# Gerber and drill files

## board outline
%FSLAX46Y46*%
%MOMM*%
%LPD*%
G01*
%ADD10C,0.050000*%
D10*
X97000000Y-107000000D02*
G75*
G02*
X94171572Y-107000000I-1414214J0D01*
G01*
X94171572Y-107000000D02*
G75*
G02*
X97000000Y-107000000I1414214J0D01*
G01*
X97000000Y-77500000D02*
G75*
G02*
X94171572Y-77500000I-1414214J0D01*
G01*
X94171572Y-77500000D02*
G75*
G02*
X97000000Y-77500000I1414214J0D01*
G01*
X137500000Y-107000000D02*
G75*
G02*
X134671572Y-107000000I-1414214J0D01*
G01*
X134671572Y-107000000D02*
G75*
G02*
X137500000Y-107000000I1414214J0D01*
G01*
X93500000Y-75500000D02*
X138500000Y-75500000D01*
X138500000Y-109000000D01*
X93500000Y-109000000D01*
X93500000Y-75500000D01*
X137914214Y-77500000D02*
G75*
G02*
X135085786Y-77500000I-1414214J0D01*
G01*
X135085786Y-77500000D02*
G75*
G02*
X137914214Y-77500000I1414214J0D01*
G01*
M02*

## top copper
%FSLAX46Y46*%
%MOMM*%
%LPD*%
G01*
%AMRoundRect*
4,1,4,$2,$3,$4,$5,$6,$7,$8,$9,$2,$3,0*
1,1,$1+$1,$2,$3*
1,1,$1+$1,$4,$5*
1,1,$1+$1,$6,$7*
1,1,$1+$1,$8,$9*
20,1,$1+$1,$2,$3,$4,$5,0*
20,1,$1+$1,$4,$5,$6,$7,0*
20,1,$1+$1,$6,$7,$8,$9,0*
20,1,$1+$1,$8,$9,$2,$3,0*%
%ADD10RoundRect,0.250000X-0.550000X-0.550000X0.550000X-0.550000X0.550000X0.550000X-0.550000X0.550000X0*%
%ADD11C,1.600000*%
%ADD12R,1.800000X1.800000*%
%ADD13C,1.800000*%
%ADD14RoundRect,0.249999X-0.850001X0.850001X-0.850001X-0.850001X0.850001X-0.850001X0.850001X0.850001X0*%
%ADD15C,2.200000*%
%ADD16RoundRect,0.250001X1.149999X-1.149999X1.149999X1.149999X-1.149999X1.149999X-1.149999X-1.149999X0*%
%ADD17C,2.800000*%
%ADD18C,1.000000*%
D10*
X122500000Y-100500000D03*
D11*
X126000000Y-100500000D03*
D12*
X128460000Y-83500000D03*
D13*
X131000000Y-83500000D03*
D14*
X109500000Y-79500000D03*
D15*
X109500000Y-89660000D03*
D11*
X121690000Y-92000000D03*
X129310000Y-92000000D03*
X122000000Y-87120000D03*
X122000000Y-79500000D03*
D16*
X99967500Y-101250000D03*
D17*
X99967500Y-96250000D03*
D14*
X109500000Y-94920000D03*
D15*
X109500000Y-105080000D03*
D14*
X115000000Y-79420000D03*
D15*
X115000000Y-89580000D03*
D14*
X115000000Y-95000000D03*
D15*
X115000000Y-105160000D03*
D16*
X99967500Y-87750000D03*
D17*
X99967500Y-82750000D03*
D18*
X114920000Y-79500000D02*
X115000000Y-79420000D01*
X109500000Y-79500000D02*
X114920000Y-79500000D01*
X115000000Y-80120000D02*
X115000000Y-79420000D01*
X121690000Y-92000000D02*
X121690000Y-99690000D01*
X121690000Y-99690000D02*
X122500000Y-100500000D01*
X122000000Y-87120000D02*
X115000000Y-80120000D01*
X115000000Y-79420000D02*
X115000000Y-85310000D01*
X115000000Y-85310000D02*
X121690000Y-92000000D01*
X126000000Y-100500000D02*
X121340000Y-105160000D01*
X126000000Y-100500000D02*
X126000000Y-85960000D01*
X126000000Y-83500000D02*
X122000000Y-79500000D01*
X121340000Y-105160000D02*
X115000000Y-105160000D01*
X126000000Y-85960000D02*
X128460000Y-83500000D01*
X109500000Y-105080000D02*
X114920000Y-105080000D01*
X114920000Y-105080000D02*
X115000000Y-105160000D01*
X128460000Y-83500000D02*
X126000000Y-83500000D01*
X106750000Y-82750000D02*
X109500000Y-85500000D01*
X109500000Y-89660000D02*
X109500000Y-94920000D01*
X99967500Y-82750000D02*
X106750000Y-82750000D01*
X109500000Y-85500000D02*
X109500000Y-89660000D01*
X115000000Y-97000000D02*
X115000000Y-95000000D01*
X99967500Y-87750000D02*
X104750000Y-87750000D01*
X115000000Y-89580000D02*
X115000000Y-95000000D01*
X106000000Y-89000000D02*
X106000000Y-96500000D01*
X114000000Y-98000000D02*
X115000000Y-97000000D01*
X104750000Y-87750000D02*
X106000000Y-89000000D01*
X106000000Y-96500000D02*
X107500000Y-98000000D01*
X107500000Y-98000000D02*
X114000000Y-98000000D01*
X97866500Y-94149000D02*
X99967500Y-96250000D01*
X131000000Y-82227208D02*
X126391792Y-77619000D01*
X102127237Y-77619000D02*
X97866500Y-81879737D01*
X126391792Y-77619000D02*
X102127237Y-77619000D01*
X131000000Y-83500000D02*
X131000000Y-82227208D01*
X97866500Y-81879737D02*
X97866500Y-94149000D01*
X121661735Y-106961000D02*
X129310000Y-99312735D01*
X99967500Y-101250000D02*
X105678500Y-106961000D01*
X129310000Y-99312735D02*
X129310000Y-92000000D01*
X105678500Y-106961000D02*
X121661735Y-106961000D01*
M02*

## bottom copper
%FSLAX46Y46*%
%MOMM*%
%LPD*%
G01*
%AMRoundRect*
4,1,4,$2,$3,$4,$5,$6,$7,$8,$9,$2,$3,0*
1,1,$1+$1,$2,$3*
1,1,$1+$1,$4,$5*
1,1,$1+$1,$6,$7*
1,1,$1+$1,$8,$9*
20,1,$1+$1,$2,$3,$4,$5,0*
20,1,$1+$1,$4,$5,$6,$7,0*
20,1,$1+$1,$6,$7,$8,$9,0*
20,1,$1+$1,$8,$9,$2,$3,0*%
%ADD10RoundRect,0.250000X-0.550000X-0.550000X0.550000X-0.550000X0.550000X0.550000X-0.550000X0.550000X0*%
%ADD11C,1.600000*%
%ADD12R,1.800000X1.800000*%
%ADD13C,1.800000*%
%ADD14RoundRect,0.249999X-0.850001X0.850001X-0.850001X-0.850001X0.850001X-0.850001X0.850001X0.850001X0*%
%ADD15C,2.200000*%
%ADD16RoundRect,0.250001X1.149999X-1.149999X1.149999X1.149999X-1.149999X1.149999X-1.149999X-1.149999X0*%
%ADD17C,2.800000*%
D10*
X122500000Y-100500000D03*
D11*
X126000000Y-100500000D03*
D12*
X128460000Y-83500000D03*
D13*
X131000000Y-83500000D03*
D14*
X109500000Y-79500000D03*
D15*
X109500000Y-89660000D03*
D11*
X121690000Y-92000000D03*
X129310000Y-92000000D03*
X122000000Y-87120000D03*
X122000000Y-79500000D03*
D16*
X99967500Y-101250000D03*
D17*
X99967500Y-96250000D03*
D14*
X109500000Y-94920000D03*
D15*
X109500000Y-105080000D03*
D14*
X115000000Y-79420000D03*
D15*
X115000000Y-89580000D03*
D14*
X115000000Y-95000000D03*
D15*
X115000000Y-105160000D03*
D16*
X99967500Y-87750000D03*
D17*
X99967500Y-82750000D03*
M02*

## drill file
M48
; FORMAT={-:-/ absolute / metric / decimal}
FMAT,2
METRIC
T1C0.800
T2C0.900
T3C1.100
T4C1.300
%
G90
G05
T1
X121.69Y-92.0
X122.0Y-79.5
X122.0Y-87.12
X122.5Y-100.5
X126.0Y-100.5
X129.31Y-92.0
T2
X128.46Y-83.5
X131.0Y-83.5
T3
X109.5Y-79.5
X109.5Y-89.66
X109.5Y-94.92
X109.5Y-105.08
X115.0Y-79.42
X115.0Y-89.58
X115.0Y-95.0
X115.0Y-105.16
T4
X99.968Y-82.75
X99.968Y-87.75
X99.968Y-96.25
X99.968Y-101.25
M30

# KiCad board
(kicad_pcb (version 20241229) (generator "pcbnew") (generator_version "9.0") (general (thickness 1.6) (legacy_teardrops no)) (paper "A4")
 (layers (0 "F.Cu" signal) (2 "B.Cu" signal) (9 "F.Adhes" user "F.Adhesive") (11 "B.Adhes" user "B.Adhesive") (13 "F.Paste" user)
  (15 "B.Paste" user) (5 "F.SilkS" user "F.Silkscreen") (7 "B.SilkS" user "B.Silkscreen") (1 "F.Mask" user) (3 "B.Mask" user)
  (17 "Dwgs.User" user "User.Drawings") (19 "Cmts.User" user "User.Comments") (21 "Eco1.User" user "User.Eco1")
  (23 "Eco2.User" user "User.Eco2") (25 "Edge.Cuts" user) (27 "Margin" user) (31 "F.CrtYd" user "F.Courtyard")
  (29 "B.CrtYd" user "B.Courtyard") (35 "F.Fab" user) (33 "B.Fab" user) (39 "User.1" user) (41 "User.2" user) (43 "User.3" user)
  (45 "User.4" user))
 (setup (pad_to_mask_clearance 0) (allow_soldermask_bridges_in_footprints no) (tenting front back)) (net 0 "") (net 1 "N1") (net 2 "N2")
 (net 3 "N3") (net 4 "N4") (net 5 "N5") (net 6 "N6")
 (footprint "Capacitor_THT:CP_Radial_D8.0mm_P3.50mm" (layer "F.Cu") (at 122.5 100.5)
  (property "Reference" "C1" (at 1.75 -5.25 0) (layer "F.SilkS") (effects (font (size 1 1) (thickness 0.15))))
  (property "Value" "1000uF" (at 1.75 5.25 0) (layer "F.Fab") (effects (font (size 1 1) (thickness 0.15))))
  (pad "1" thru_hole roundrect (at 0 0) (size 1.6 1.6) (drill 0.8) (layers "*.Cu" "*.Mask") (remove_unused_layers no)
   (roundrect_rratio 0.15625) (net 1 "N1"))
  (pad "2" thru_hole circle (at 3.5 0) (size 1.6 1.6) (drill 0.8) (layers "*.Cu" "*.Mask") (remove_unused_layers no) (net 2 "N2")))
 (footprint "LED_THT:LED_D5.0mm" (layer "F.Cu") (at 128.46 83.5)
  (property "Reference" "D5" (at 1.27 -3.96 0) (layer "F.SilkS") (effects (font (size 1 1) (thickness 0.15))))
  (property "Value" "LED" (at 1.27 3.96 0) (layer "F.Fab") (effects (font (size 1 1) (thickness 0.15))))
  (pad "1" thru_hole rect (at 0 0) (size 1.8 1.8) (drill 0.9) (layers "*.Cu" "*.Mask") (remove_unused_layers no) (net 2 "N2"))
  (pad "2" thru_hole circle (at 2.54 0) (size 1.8 1.8) (drill 0.9) (layers "*.Cu" "*.Mask") (remove_unused_layers no) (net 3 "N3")))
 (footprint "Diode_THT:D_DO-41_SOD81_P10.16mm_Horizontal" (layer "F.Cu") (at 109.5 79.5 -90)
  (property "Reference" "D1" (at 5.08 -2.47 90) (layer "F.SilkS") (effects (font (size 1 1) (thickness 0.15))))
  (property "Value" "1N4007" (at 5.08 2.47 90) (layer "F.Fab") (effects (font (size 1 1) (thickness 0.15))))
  (pad "1" thru_hole roundrect (at 0 0 270) (size 2.2 2.2) (drill 1.1) (layers "*.Cu" "*.Mask") (remove_unused_layers no)
   (roundrect_rratio 0.113636) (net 1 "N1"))
  (pad "2" thru_hole circle (at 10.16 0 270) (size 2.2 2.2) (drill 1.1) (layers "*.Cu" "*.Mask") (remove_unused_layers no) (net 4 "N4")))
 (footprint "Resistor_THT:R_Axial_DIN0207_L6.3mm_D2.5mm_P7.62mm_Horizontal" (layer "F.Cu") (at 121.69 92)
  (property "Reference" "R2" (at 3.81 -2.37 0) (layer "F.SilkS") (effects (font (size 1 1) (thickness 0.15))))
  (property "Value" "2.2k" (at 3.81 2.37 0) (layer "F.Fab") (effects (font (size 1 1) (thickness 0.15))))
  (pad "1" thru_hole circle (at 0 0) (size 1.6 1.6) (drill 0.8) (layers "*.Cu" "*.Mask") (remove_unused_layers no) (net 1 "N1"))
  (pad "2" thru_hole circle (at 7.62 0) (size 1.6 1.6) (drill 0.8) (layers "*.Cu" "*.Mask") (remove_unused_layers no) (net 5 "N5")))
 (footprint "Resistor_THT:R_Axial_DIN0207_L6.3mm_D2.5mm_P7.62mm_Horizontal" (layer "F.Cu") (at 122 87.12 90)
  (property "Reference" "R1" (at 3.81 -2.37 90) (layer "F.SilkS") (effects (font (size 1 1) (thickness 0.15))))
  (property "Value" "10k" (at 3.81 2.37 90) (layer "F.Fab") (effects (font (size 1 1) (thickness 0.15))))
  (pad "1" thru_hole circle (at 0 0 90) (size 1.6 1.6) (drill 0.8) (layers "*.Cu" "*.Mask") (remove_unused_layers no) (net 1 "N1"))
  (pad "2" thru_hole circle (at 7.62 0 90) (size 1.6 1.6) (drill 0.8) (layers "*.Cu" "*.Mask") (remove_unused_layers no) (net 2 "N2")))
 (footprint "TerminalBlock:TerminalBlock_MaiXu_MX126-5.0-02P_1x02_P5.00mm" (layer "F.Cu") (at 99.9675 101.25 90)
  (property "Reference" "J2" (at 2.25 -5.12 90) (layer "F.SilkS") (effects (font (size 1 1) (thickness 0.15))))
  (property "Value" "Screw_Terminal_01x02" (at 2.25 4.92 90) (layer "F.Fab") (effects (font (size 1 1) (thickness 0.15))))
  (pad "1" thru_hole roundrect (at 0 0 90) (size 2.8 2.8) (drill 1.3) (layers "*.Cu" "*.Mask") (remove_unused_layers no)
   (roundrect_rratio 0.089286) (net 5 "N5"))
  (pad "2" thru_hole circle (at 5 0 90) (size 2.8 2.8) (drill 1.3) (layers "*.Cu" "*.Mask") (remove_unused_layers no) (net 3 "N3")))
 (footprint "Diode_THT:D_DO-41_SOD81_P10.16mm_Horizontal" (layer "F.Cu") (at 109.5 94.92 -90)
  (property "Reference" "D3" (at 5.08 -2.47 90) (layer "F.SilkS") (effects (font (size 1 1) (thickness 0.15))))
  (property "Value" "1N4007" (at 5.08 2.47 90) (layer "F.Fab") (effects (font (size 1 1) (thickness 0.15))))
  (pad "1" thru_hole roundrect (at 0 0 270) (size 2.2 2.2) (drill 1.1) (layers "*.Cu" "*.Mask") (remove_unused_layers no)
   (roundrect_rratio 0.113636) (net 4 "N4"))
  (pad "2" thru_hole circle (at 10.16 0 270) (size 2.2 2.2) (drill 1.1) (layers "*.Cu" "*.Mask") (remove_unused_layers no) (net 2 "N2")))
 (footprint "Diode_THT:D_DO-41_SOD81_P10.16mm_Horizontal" (layer "F.Cu") (at 115 79.42 -90)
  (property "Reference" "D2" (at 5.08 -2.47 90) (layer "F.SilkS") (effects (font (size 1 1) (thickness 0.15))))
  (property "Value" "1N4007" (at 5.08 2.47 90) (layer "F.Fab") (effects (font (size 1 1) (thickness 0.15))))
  (pad "1" thru_hole roundrect (at 0 0 270) (size 2.2 2.2) (drill 1.1) (layers "*.Cu" "*.Mask") (remove_unused_layers no)
   (roundrect_rratio 0.113636) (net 1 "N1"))
  (pad "2" thru_hole circle (at 10.16 0 270) (size 2.2 2.2) (drill 1.1) (layers "*.Cu" "*.Mask") (remove_unused_layers no) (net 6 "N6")))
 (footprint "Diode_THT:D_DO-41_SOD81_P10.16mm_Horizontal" (layer "F.Cu") (at 115 95 -90)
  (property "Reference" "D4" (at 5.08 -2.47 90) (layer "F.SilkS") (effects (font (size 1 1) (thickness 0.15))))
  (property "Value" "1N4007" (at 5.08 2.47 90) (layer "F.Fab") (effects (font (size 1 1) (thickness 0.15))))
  (pad "1" thru_hole roundrect (at 0 0 270) (size 2.2 2.2) (drill 1.1) (layers "*.Cu" "*.Mask") (remove_unused_layers no)
   (roundrect_rratio 0.113636) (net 6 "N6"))
  (pad "2" thru_hole circle (at 10.16 0 270) (size 2.2 2.2) (drill 1.1) (layers "*.Cu" "*.Mask") (remove_unused_layers no) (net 2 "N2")))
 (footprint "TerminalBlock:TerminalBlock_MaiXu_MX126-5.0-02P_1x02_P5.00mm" (layer "F.Cu") (at 99.9675 87.75 90)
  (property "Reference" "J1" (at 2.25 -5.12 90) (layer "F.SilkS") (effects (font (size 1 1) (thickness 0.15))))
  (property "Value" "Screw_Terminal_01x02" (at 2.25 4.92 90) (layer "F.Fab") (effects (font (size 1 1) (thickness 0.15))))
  (pad "1" thru_hole roundrect (at 0 0 90) (size 2.8 2.8) (drill 1.3) (layers "*.Cu" "*.Mask") (remove_unused_layers no)
   (roundrect_rratio 0.089286) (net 6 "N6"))
  (pad "2" thru_hole circle (at 5 0 90) (size 2.8 2.8) (drill 1.3) (layers "*.Cu" "*.Mask") (remove_unused_layers no) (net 4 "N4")))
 (gr_circle (center 95.585786 107) (end 96.585786 108) (stroke (width 0.05) (type default)) (fill no) (layer "Edge.Cuts"))
 (gr_circle (center 95.585786 77.5) (end 96.585786 78.5) (stroke (width 0.05) (type default)) (fill no) (layer "Edge.Cuts"))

□ □ □ □ □

Task goal =>
Where a line of the data includes the string "Paste", list that line.

Result =>
 (layers (0 "F.Cu" signal) (2 "B.Cu" signal) (9 "F.Adhes" user "F.Adhesive") (11 "B.Adhes" user "B.Adhesive") (13 "F.Paste" user)
  (15 "B.Paste" user) (5 "F.SilkS" user "F.Silkscreen") (7 "B.SilkS" user "B.Silkscreen") (1 "F.Mask" user) (3 "B.Mask" user)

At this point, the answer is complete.